### Records provided
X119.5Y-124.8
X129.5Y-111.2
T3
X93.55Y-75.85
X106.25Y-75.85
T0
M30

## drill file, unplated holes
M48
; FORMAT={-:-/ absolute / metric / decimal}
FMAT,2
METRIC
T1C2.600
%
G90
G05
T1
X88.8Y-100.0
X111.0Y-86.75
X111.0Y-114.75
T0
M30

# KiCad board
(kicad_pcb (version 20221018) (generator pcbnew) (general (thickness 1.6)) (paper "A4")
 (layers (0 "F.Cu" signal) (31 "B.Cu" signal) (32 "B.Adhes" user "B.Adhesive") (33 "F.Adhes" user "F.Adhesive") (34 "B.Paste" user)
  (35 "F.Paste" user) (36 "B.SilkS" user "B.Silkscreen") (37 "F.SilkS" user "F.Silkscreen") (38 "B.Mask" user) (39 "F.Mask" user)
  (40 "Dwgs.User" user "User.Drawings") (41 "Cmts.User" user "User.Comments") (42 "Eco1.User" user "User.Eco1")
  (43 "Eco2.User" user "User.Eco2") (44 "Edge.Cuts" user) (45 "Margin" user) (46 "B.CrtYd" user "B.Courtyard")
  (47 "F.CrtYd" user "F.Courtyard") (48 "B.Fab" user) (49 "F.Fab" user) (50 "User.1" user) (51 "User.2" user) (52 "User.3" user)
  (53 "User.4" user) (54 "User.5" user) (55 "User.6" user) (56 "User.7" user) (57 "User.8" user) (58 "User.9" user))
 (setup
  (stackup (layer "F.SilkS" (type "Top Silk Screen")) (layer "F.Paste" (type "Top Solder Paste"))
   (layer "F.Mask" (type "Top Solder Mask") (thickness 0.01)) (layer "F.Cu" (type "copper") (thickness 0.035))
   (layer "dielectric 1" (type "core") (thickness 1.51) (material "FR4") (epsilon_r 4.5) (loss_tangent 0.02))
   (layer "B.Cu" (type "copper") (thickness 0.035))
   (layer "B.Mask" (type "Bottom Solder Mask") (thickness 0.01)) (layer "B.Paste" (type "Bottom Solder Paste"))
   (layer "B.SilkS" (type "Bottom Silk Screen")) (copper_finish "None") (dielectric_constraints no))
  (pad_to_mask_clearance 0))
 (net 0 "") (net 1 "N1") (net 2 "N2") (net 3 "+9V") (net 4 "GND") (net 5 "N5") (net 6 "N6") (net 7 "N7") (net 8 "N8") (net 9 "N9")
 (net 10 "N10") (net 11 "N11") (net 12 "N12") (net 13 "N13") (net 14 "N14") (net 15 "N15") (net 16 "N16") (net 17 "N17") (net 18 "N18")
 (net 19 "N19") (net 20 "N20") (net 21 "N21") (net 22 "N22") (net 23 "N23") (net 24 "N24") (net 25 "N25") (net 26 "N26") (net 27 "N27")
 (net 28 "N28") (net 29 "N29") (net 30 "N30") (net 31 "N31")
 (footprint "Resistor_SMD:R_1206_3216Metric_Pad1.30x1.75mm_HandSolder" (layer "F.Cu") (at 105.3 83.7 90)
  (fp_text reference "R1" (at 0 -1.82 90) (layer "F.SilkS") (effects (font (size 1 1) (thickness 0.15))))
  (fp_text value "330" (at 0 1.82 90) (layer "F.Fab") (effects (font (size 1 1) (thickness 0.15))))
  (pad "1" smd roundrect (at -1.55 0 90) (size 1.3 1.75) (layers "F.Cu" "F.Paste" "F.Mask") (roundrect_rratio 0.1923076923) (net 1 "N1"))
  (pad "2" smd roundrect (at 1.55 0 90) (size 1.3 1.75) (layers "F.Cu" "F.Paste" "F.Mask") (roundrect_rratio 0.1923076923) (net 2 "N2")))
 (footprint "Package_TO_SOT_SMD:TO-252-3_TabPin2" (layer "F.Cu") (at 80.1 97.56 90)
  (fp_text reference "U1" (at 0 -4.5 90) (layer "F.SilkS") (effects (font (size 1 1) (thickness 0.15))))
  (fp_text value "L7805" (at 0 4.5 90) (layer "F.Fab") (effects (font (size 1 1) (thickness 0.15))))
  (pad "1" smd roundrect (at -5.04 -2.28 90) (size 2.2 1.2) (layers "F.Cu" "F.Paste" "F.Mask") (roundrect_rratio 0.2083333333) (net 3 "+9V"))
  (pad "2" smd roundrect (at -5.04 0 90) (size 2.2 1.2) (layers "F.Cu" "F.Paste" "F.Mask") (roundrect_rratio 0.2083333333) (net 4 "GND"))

### What the exercise asks
Look through the listing above. Pick out each line with "footprint" and copy it.

### Solution
 (footprint "Resistor_SMD:R_1206_3216Metric_Pad1.30x1.75mm_HandSolder" (layer "F.Cu") (at 105.3 83.7 90)
 (footprint "Package_TO_SOT_SMD:TO-252-3_TabPin2" (layer "F.Cu") (at 80.1 97.56 90)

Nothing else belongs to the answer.